The crucial link between biomass and power is the gasifier or biomass 
engine, which generates producer gas (containing carbon monoxide and 
other products of controlled combustion). This technology was used 
during the World War to cope with acute scarcity of petroleum, and 
has been further developed since, including in India. MNES has 
identified about 15 manufacturers of gasifiers, who supply units of 
up to 500 kW capacity. So far, 1,850 gasifiers have been installed.

Another important plank of the plan is biofuels produced from 
oil-yielding plant species such as jatropha, karanj, mahua, kusum and 
so on. The Botanical Survey of India (BSI) has identified more than 
400 species that can yield oil, which can be burnt in place of diesel 
in an engine powering an irrigation/drinking water pump.

The MNES plan seeks to use biomass of various kinds: woody biomass 
and agricultural wastes, animal dung and leafy biomass, as well as 
oilseeds. The dung and leaf/waste would be digested in biogas plants 
to generate 72 cubic metres of cooking fuel for the 100-household 
villages. The gasifier, accounting for about half the total cost of 
the project, would provide enough fuel to generate power for five and 
a half hours a day for all households, run three irrigation pumps for 
three hours a day for 100 days, and supply 5 kW to rural industries - 
an annual total of 50,000 units, a little over 70 per cent of it for 
domestic and community use. There would be some additional income 
from oilcake made by expellers too.

The total cost of the project per village works out to Rs.20 lakhs - 
no mean sum, but by no means unaffordable if loan and grants are 
given. The MNES reckons that such a rural energy security plan could 
deliver power at about Rs.4 a unit to industry/irrigation, and supply 
adequate power for basic use (two light bulbs, and an optional fan or 
a TV set, and so on) to every household at a cost varying from Rs.60 
to Rs.135 a month (depending on how much money is given as loans or 
as grants). In addition, it will make each home self-sufficient in 
cooking energy, and power needed for irrigation - and totally 
independent of diesel and kerosene.

The plan is eminently worthy - the more so because it promotes a 
bottom-up approach. It must be tried out through people's 
participation and self-help groups' involvement on a large scale, for 
example, perhaps 20,000 villages, so it can be fine-tuned to 
different climatic conditions and energy-use patterns before it is 
universalised to all panchayats.
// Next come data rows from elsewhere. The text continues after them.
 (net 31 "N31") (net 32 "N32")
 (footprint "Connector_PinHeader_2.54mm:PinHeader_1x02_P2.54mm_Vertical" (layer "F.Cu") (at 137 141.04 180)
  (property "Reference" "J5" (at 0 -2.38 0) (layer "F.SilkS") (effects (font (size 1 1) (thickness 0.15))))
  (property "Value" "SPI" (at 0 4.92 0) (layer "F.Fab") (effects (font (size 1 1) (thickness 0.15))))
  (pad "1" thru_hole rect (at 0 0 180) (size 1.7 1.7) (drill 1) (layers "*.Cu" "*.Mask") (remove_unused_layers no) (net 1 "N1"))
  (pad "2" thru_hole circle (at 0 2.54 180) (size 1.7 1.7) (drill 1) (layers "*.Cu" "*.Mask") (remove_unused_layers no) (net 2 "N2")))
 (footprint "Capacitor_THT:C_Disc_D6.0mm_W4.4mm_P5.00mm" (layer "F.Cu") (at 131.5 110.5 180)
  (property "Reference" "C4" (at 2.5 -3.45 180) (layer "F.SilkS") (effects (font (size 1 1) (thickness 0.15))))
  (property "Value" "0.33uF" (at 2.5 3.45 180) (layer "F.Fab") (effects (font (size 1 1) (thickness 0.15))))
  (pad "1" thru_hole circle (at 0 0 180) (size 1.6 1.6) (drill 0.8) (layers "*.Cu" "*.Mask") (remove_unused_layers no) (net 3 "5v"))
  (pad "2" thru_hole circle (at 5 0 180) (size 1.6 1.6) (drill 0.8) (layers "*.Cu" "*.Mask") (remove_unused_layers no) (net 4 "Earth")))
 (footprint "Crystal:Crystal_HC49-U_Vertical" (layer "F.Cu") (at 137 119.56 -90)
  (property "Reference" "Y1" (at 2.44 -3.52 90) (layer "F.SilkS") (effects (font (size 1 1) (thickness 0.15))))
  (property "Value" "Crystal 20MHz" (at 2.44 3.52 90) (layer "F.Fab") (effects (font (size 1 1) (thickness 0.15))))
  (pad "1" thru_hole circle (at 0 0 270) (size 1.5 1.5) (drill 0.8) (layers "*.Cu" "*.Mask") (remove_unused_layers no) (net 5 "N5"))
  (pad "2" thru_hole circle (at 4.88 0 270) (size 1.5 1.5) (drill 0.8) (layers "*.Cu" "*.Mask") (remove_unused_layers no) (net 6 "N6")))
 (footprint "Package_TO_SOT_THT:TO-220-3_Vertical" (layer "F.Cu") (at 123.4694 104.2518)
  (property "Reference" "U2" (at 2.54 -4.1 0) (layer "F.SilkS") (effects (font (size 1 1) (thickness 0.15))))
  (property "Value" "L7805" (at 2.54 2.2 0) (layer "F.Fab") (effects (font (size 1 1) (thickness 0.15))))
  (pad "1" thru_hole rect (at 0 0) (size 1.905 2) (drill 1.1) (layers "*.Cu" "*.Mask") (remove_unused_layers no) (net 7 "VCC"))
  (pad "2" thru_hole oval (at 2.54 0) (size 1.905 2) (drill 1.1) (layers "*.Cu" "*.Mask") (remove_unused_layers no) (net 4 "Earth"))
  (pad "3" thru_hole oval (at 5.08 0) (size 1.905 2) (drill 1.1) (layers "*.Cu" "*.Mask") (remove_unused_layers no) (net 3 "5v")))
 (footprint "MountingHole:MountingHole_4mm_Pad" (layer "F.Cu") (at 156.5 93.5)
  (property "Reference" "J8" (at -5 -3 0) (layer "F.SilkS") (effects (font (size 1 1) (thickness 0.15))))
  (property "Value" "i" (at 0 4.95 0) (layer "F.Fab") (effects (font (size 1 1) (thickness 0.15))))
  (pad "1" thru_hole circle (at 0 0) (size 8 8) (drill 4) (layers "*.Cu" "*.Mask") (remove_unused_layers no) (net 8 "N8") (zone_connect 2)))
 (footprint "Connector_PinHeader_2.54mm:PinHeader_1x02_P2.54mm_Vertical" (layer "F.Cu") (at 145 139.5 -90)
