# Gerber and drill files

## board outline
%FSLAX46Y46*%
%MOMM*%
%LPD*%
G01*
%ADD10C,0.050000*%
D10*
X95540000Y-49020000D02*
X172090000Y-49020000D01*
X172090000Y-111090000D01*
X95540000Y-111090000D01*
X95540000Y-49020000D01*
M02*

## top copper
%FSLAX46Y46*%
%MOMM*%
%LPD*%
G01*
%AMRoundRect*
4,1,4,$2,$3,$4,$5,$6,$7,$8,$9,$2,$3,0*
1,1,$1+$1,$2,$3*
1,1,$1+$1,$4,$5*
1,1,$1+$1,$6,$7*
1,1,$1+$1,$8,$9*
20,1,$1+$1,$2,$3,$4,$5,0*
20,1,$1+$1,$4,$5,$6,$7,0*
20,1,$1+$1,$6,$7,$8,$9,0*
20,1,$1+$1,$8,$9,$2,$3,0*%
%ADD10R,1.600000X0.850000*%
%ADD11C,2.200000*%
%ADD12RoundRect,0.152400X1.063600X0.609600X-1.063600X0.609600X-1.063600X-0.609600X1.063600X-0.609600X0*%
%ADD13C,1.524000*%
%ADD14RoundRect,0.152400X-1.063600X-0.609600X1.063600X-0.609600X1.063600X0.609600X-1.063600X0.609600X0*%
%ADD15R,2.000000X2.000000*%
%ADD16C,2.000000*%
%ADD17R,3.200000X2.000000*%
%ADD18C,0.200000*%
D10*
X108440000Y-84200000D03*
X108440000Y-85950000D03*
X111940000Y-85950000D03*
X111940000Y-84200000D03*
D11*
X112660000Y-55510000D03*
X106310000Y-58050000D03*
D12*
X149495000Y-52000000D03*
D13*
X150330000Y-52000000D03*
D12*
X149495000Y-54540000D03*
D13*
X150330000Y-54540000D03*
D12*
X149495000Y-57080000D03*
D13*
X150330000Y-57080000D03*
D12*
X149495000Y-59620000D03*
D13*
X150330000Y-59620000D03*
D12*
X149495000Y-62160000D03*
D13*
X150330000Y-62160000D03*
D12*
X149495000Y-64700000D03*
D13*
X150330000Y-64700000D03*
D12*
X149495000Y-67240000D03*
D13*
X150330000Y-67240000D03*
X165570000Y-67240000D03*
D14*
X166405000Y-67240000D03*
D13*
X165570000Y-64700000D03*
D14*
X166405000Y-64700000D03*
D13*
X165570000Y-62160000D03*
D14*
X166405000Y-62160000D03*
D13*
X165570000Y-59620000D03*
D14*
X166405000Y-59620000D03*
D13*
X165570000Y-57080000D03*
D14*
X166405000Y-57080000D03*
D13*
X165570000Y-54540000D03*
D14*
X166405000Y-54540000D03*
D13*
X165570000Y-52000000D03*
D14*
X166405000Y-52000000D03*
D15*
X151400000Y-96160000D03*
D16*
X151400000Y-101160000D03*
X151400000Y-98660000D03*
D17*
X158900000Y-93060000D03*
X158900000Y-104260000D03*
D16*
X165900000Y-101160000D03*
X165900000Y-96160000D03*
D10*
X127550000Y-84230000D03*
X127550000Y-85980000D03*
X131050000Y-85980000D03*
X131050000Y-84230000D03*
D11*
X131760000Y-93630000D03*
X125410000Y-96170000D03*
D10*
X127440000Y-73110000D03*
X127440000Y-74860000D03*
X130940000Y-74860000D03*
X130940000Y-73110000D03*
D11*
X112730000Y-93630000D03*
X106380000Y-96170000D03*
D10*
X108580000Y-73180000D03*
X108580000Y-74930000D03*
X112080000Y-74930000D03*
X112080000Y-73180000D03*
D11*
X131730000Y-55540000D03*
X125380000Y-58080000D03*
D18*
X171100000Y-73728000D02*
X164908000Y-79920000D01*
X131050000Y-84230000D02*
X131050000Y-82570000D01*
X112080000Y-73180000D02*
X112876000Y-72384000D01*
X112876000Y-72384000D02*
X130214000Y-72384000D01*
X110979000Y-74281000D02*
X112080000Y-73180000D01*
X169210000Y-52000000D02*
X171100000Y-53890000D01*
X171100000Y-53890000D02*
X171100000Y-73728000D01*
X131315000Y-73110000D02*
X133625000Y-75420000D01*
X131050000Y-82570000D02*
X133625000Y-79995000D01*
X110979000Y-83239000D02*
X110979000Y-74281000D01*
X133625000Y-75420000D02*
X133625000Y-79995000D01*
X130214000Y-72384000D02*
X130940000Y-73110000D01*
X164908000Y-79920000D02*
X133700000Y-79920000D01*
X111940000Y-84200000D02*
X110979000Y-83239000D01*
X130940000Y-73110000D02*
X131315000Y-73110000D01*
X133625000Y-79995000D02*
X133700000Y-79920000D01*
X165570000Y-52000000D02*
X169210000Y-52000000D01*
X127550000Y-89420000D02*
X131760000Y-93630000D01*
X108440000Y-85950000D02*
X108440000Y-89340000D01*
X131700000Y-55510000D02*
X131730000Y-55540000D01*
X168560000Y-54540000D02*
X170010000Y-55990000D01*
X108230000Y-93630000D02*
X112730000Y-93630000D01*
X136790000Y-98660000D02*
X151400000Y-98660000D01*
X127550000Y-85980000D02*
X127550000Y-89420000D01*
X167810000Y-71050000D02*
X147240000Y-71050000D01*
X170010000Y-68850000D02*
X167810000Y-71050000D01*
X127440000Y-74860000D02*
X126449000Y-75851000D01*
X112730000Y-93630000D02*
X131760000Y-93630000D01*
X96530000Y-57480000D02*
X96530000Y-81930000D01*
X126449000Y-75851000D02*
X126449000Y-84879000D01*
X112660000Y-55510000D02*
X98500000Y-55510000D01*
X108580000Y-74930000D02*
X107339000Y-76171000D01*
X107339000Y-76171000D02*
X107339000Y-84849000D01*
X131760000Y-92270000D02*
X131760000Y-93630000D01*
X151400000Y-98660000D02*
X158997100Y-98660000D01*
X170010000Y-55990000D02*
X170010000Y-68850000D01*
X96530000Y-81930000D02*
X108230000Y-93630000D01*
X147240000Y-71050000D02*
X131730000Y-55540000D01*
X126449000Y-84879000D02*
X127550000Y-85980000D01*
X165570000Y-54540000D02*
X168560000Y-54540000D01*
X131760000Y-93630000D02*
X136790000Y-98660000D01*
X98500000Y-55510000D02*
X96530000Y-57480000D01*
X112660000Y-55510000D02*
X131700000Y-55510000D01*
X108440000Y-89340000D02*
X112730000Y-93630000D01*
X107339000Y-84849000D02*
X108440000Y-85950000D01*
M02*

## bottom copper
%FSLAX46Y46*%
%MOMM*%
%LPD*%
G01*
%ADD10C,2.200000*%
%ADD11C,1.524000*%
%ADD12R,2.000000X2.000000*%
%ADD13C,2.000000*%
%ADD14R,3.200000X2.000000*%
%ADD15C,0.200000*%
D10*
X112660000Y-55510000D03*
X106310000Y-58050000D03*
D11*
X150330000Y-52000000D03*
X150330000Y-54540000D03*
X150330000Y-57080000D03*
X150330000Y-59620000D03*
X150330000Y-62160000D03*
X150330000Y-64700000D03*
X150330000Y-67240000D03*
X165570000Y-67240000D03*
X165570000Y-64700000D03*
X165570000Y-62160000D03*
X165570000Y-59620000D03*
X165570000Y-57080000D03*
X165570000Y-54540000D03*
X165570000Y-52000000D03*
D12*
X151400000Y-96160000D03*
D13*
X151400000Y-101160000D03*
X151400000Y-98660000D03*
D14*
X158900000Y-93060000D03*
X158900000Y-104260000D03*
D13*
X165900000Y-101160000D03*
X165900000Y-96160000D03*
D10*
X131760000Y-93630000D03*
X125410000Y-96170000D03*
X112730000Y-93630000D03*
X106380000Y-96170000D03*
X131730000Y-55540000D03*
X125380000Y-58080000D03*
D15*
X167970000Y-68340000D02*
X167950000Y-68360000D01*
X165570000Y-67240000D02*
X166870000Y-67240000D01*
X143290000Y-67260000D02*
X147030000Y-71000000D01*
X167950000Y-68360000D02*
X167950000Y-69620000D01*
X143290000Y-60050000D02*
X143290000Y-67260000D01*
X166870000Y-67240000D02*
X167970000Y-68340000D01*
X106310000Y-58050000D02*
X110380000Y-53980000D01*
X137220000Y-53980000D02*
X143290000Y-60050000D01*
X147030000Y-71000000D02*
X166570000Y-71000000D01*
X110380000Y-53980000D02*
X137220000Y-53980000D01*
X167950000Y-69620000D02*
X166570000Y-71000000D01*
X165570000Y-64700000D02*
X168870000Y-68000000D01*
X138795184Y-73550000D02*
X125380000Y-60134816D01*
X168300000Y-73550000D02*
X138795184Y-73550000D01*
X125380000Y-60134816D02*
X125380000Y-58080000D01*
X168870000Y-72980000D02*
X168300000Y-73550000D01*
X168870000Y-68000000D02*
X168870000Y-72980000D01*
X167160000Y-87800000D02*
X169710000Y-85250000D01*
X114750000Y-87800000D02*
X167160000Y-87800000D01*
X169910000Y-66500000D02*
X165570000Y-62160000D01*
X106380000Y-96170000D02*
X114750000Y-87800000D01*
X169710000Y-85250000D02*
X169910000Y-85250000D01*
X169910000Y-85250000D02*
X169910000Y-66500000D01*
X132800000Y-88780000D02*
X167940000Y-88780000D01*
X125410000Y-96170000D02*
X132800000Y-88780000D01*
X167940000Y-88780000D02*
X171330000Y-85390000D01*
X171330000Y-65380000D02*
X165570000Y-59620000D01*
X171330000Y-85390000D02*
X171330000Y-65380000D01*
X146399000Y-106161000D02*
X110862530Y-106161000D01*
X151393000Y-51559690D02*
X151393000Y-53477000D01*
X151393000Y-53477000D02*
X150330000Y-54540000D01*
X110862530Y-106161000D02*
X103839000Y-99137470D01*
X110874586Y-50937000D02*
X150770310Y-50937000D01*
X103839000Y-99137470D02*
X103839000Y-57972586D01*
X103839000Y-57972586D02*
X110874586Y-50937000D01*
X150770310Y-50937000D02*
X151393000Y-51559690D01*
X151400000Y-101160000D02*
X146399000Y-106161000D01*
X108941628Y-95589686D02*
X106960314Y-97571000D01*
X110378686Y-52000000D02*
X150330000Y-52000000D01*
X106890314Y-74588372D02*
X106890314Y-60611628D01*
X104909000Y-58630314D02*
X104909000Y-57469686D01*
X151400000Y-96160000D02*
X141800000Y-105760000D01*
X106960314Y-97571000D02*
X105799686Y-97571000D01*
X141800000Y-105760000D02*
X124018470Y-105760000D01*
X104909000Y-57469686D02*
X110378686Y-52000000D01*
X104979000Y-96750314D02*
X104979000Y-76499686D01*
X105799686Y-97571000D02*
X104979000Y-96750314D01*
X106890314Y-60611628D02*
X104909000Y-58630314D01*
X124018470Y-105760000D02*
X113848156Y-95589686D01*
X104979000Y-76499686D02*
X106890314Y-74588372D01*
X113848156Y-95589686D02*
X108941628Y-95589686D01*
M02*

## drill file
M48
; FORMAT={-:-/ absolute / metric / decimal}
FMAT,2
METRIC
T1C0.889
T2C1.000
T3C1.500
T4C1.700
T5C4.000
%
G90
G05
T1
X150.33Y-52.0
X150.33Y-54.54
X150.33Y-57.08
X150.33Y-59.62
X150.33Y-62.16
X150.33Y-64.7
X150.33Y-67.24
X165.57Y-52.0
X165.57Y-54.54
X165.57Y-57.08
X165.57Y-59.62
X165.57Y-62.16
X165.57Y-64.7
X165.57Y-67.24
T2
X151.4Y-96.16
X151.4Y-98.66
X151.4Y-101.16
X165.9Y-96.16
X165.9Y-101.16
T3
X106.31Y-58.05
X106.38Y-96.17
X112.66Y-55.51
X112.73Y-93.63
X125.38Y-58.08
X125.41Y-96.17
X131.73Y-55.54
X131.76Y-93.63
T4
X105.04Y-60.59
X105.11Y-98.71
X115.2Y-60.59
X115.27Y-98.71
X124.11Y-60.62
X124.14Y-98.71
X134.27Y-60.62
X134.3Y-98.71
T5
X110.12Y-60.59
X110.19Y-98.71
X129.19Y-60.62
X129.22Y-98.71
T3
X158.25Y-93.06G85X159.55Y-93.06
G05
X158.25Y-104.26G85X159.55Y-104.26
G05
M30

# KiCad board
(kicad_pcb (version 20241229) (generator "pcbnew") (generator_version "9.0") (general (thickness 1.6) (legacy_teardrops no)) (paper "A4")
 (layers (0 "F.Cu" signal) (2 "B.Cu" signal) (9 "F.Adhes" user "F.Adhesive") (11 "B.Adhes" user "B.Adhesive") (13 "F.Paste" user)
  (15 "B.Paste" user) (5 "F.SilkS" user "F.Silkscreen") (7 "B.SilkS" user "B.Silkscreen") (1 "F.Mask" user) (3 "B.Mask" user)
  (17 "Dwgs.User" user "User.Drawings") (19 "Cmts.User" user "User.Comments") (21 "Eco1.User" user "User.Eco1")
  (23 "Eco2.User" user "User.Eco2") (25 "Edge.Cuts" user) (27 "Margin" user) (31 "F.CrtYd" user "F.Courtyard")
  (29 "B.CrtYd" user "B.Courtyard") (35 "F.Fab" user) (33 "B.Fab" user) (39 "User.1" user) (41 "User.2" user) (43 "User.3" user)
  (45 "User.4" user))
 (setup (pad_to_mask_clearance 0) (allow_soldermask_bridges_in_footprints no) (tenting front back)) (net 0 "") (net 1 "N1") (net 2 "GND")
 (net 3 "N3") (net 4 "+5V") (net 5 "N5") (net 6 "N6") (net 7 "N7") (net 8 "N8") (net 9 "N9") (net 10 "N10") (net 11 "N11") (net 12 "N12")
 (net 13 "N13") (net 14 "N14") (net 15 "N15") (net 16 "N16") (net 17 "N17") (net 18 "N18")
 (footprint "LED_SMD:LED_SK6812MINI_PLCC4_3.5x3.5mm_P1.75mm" (layer "F.Cu") (at 110.19 85.075)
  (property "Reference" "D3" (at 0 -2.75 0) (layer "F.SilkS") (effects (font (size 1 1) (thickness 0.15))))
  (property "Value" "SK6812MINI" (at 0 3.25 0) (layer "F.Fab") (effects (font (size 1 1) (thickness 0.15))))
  (pad "1" smd rect (at -1.75 -0.875) (size 1.6 0.85) (layers "F.Cu" "F.Mask" "F.Paste") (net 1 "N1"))
  (pad "2" smd rect (at -1.75 0.875) (size 1.6 0.85) (layers "F.Cu" "F.Mask" "F.Paste") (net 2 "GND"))
  (pad "3" smd rect (at 1.75 0.875) (size 1.6 0.85) (layers "F.Cu" "F.Mask" "F.Paste") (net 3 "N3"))
  (pad "4" smd rect (at 1.75 -0.875) (size 1.6 0.85) (layers "F.Cu" "F.Mask" "F.Paste") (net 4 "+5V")))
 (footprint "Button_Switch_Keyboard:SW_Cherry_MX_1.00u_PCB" (layer "F.Cu") (at 112.66 55.51)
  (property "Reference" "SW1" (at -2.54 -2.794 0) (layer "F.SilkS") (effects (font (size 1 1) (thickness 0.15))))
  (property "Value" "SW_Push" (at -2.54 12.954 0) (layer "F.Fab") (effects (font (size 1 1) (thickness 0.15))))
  (pad "" np_thru_hole circle (at -7.62 5.08) (size 1.7 1.7) (drill 1.7) (layers "*.Cu" "*.Mask"))
  (pad "" np_thru_hole circle (at -2.54 5.08) (size 4 4) (drill 4) (layers "*.Cu" "*.Mask"))
  (pad "" np_thru_hole circle (at 2.54 5.08) (size 1.7 1.7) (drill 1.7) (layers "*.Cu" "*.Mask"))
  (pad "1" thru_hole circle (at 0 0) (size 2.2 2.2) (drill 1.5) (layers "*.Cu" "*.Mask") (remove_unused_layers no) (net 2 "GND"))
  (pad "2" thru_hole circle (at -6.35 2.54) (size 2.2 2.2) (drill 1.5) (layers "*.Cu" "*.Mask") (remove_unused_layers no) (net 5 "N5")))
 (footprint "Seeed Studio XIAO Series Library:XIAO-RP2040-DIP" (layer "F.Cu") (at 157.95 59.62)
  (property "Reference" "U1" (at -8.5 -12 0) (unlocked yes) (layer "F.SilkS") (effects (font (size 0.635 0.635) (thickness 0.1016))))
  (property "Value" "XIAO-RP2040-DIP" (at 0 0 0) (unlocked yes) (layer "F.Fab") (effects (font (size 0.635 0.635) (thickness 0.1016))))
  (pad "1" smd roundrect (at -8.455 -7.62 180) (size 2.432 1.524) (layers "F.Cu" "F.Mask") (roundrect_rratio 0.1) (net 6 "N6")
   (thermal_bridge_angle 45))
  (pad "1" thru_hole circle (at -7.62 -7.62 180) (size 1.524 1.524) (drill 0.889) (layers "*.Cu" "*.Mask") (remove_unused_layers no)
   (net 6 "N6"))
  (pad "2" smd roundrect (at -8.455 -5.08 180) (size 2.432 1.524) (layers "F.Cu" "F.Mask") (roundrect_rratio 0.1) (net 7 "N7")
   (thermal_bridge_angle 45))
  (pad "2" thru_hole circle (at -7.62 -5.08 180) (size 1.524 1.524) (drill 0.889) (layers "*.Cu" "*.Mask") (remove_unused_layers no)
   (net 7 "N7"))
  (pad "3" smd roundrect (at -8.455 -2.54 180) (size 2.432 1.524) (layers "F.Cu" "F.Mask") (roundrect_rratio 0.1) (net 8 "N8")
   (thermal_bridge_angle 45))
  (pad "3" thru_hole circle (at -7.62 -2.54 180) (size 1.524 1.524) (drill 0.889) (layers "*.Cu" "*.Mask") (remove_unused_layers no)
   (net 8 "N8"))
  (pad "4" smd roundrect (at -8.455 0 180) (size 2.432 1.524) (layers "F.Cu" "F.Mask") (roundrect_rratio 0.1) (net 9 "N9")
   (thermal_bridge_angle 45))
This could be usefully combined with 
resource-mapping surveys by local students and creation of networks 
of young people who learn to maintain the various systems.

The village energy security concept offers tremendous possibilities 
for grassroots-based planning and energy-user cooperation from below. 
Above all, it has the merit of creating jobs - on plantations, in 
biomass collection, oilseeds processing, power distribution, and 
rural industries. The future of energy security of India's villages 
lies in this direction - and away from petroleum.